“Un soir au club“ est d’abord un roman de Christian Gailly publié aux Editions de Minuit en 2002, un livre rythmé par le
jazz présent dans toutes ses pages. Nardis, le nom du personnage central du récit est un thème que Miles Davis composa pour Cannonball
Adderley en 1958. Bill Evans le jouait souvent. Lauréat du Prix du Livre Inter, le roman trouva vite un
public séduit par la rencontre inattendue de Simon et Debbie, une histoire d’amour qui bouleverse leur vie.

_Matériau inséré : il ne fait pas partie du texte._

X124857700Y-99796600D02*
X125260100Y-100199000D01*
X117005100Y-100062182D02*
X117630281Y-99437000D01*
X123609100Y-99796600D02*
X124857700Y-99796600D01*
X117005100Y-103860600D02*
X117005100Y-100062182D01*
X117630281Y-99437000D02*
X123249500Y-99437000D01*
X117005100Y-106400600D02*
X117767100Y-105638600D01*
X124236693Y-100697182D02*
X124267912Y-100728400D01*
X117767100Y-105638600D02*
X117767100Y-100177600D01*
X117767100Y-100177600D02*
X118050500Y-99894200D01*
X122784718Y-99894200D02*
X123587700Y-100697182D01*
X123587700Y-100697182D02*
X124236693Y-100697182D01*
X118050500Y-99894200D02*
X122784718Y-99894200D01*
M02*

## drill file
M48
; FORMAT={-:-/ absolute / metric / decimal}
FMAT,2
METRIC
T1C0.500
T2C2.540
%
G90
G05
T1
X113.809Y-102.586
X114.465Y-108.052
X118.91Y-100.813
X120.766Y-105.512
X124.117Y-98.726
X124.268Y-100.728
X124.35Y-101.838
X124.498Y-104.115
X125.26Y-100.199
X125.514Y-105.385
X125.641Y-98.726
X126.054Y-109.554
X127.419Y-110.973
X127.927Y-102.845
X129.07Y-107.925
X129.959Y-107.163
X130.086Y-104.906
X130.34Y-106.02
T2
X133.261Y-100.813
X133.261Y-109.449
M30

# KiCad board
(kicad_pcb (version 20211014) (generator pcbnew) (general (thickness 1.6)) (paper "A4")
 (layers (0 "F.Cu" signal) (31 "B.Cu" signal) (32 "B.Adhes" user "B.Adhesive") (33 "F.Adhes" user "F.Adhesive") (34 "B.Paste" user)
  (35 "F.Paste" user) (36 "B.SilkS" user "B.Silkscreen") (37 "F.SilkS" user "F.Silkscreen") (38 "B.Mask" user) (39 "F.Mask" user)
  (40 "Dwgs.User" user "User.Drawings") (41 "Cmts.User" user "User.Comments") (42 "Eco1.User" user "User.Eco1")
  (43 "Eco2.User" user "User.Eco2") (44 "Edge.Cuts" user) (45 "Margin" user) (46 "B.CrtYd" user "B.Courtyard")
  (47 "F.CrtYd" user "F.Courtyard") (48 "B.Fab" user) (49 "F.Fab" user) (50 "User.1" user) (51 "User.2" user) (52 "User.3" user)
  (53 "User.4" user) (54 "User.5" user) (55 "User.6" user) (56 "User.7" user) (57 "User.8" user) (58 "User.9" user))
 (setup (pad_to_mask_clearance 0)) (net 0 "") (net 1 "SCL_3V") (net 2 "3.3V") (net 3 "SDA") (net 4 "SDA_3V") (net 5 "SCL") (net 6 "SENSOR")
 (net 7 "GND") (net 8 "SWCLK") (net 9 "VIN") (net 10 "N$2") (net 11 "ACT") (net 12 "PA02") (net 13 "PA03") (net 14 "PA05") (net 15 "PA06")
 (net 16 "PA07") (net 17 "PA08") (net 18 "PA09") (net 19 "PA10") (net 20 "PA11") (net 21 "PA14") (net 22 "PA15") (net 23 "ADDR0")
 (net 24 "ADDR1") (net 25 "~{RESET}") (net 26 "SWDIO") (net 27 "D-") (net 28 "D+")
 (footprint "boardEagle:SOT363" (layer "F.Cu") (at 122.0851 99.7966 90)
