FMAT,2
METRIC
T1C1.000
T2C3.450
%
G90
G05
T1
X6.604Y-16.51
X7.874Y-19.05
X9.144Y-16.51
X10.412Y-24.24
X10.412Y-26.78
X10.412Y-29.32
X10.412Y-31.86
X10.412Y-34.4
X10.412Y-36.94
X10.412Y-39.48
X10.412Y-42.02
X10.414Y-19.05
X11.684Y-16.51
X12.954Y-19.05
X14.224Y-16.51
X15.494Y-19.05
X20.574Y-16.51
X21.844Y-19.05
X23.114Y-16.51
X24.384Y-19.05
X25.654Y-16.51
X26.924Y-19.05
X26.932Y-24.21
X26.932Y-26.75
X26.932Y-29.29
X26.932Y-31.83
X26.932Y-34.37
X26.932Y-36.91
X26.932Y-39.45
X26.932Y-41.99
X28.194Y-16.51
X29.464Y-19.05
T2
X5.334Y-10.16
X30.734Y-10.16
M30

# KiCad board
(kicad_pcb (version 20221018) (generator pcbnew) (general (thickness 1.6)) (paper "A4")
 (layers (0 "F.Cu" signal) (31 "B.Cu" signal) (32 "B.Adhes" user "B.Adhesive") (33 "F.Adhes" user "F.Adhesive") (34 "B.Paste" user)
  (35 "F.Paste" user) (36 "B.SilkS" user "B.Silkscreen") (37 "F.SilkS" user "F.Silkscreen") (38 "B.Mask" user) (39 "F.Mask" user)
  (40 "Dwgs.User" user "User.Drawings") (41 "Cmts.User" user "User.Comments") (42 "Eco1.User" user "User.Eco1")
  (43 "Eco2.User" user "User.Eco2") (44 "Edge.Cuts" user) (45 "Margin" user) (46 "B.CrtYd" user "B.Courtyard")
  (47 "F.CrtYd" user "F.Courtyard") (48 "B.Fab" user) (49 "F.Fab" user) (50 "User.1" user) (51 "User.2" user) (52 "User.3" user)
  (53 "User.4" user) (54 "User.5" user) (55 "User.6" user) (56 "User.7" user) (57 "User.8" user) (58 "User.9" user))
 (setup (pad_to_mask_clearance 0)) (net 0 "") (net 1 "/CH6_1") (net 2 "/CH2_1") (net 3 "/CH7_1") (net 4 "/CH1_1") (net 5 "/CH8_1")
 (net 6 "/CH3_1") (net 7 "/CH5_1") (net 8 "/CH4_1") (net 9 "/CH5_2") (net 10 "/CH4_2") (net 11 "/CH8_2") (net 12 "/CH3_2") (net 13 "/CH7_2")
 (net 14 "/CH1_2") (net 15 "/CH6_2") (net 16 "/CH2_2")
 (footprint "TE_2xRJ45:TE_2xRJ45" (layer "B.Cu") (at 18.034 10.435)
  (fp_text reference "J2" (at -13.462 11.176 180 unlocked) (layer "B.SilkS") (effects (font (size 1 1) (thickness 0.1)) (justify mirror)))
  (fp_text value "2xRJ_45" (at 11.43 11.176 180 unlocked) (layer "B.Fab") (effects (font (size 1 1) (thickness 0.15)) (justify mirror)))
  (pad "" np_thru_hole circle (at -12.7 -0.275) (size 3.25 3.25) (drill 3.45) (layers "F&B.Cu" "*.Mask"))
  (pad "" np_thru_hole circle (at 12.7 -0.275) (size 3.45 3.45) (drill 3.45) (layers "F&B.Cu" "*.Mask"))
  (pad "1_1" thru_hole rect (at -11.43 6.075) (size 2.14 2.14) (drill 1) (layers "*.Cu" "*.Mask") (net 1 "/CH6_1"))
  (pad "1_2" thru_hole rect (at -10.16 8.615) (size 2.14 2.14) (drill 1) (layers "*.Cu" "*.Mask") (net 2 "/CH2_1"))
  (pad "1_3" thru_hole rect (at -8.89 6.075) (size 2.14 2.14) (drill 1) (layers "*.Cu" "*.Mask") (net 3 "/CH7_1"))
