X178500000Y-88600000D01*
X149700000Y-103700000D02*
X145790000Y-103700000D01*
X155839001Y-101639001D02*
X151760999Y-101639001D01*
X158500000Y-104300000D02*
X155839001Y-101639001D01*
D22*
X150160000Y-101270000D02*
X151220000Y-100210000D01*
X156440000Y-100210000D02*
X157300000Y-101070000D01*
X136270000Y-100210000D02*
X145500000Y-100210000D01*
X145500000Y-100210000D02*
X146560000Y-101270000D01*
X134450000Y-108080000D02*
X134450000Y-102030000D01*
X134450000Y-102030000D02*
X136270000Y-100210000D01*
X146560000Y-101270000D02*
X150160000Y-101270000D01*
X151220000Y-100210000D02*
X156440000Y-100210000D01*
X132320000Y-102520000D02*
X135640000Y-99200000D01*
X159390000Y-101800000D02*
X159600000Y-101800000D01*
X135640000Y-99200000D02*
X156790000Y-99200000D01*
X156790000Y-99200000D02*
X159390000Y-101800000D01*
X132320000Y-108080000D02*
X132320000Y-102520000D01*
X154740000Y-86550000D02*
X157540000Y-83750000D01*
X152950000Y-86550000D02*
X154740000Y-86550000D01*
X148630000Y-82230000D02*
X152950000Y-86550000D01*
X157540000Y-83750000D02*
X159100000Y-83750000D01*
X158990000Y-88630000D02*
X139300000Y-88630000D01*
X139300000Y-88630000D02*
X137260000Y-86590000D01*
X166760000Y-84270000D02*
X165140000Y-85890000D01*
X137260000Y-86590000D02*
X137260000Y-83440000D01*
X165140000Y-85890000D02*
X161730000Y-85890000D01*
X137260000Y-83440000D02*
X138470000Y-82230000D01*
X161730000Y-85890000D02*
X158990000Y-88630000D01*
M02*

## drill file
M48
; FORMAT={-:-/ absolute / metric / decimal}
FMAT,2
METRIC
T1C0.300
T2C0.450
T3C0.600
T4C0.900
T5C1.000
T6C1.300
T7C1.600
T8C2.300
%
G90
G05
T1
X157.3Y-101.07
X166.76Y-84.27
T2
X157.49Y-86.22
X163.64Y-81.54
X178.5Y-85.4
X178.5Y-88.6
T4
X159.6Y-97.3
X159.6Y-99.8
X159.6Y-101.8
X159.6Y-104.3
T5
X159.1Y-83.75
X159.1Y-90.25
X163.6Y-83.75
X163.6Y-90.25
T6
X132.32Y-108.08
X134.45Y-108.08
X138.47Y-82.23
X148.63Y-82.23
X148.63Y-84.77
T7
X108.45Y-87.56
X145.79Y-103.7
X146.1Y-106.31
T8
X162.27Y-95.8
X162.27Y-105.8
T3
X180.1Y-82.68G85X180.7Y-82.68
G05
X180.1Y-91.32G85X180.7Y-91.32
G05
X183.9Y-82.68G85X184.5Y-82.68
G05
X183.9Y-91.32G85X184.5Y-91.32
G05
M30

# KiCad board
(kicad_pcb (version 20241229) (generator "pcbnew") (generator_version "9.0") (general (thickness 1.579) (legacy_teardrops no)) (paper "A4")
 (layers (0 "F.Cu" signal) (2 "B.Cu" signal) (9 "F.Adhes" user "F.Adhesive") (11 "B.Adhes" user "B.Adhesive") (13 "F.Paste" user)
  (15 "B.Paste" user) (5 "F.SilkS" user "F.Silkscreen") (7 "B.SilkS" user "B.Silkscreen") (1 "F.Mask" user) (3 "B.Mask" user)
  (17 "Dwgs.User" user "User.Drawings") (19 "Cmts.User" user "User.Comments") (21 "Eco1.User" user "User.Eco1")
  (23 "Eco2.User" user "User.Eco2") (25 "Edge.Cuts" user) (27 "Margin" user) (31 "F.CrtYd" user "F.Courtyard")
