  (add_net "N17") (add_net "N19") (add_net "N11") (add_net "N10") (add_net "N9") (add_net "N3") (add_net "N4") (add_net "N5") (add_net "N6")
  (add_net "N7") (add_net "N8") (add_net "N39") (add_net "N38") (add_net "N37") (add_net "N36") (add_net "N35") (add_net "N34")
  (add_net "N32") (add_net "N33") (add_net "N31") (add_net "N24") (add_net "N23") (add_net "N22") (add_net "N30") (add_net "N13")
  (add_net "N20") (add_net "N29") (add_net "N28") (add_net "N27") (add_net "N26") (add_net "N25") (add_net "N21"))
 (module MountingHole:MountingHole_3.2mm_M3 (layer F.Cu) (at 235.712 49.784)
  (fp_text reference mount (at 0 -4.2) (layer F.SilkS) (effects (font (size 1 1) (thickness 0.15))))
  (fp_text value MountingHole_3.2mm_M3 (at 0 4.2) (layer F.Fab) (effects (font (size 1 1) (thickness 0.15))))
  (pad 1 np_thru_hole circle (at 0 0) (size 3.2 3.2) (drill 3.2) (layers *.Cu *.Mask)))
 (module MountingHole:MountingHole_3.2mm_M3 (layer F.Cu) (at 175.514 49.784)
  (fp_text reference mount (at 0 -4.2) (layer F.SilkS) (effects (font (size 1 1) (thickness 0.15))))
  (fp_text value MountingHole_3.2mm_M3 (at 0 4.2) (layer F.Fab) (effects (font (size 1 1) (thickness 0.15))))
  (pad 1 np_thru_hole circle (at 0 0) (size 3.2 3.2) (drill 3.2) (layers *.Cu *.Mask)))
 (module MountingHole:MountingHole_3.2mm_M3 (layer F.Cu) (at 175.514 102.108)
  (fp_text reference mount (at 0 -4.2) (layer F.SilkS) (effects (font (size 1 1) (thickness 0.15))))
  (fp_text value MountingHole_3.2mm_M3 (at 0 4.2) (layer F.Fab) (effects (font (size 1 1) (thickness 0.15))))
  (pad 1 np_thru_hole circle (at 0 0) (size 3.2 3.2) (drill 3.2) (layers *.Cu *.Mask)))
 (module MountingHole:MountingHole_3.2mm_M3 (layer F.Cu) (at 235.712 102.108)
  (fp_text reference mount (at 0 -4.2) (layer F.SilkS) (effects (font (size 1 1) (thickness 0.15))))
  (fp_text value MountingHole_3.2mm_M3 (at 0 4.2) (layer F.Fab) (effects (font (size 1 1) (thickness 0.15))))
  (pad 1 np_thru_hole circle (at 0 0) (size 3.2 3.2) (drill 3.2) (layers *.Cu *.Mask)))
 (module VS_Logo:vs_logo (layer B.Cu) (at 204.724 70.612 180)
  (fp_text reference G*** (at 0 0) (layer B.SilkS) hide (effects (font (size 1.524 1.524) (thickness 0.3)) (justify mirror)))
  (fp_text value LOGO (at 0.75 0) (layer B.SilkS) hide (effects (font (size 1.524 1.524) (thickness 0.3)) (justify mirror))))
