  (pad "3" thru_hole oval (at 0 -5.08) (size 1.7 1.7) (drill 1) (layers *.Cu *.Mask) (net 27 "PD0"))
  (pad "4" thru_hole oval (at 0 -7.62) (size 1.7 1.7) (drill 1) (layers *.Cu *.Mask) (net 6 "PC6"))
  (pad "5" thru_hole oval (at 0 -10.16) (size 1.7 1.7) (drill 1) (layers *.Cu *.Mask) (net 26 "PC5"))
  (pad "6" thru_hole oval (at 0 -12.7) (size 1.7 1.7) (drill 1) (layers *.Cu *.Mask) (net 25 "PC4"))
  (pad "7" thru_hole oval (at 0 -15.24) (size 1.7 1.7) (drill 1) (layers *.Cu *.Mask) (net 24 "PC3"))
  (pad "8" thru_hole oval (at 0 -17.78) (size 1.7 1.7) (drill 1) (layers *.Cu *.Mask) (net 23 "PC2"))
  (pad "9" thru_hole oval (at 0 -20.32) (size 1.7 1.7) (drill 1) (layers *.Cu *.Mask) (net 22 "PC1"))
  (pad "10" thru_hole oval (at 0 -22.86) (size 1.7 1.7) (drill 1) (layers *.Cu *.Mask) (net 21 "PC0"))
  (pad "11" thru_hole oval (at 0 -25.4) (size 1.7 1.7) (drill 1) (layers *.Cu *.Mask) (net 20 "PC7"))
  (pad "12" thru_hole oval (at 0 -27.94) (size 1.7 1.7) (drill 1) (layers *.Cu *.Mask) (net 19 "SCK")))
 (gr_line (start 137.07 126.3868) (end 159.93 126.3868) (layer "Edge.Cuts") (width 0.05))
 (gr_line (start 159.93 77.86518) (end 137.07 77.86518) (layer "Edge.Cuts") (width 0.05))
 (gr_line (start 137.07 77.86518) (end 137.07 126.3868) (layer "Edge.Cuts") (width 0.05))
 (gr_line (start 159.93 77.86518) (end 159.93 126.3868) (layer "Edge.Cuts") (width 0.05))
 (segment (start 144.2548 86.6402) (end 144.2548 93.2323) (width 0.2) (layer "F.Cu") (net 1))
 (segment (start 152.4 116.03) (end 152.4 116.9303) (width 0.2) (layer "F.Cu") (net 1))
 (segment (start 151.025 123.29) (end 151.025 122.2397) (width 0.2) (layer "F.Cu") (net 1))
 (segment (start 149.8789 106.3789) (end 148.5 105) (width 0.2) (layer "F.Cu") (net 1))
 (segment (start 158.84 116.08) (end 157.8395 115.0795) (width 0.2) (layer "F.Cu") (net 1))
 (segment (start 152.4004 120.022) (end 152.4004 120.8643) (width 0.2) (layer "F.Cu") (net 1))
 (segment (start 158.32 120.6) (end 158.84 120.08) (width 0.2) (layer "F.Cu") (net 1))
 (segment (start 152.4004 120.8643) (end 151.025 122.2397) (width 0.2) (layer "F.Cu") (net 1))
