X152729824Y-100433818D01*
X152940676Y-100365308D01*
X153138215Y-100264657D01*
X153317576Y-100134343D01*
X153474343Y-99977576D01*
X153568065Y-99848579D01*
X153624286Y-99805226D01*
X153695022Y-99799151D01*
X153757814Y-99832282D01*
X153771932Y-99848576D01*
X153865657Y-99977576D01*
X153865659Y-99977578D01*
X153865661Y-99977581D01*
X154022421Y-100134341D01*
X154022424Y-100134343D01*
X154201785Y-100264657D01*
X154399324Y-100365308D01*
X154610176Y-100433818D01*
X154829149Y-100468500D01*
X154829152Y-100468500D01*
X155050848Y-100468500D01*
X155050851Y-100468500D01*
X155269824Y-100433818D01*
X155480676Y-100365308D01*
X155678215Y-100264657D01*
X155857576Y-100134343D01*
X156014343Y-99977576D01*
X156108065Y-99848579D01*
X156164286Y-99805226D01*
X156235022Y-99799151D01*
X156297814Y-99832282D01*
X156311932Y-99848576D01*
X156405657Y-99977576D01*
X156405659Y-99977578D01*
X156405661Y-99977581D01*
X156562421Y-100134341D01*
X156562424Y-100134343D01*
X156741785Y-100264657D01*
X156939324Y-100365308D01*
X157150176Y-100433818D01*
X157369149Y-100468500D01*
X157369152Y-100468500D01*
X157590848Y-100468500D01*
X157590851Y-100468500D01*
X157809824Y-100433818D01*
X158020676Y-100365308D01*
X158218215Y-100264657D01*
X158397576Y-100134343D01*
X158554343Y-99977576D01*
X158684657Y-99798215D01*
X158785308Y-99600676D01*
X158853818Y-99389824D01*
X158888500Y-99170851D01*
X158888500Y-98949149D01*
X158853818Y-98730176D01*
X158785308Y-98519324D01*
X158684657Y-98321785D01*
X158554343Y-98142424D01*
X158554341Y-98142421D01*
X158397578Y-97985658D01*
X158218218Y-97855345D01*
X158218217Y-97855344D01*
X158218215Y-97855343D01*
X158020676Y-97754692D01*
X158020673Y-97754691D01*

Fort de 170.000 exemplaires vendus, le livre devient aujourd’hui un film, un premier long-métrage pour Jean Achache qui fut l’assistant de Georges Lautner, Robert Enrico (“Le vieux
fusil“), Bertrand Tavernier (sur “Un Dimanche à la campagne“ et “Un coup de torchon“) et qui a signé de très nombreux documentaires. Le
réalisateur s’est enthousiasmé pour le livre et ses personnages : « Ils se sont installés dans ma vie, dans mon quotidien. Ils ont pris leur place au milieu de mes obsessions, de mes désirs,
de mes amis. Ils n’étaient plus les personnages d’un roman beau et captivant, ils étaient trois personnes qui vivaient près de moi et dont j’avais entrepris de raconter
l’histoire. »
Lors d’un déplacement en province, Simon Nardis, célèbre pianiste qui s’est écarté de la scène du jazz pour raison d’alcoolisme, franchit les portes d’un
club. Une envie irrésistible de se mettre au piano, des verres de vodka, la voix de Debbie la propriétaire du lieu qui l’accompagne, Simon se laisse emporter. Sa passion pour le jazz, l’alcool,
l’ivresse amoureuse, ce qui constituait son ancienne vie le rattrape.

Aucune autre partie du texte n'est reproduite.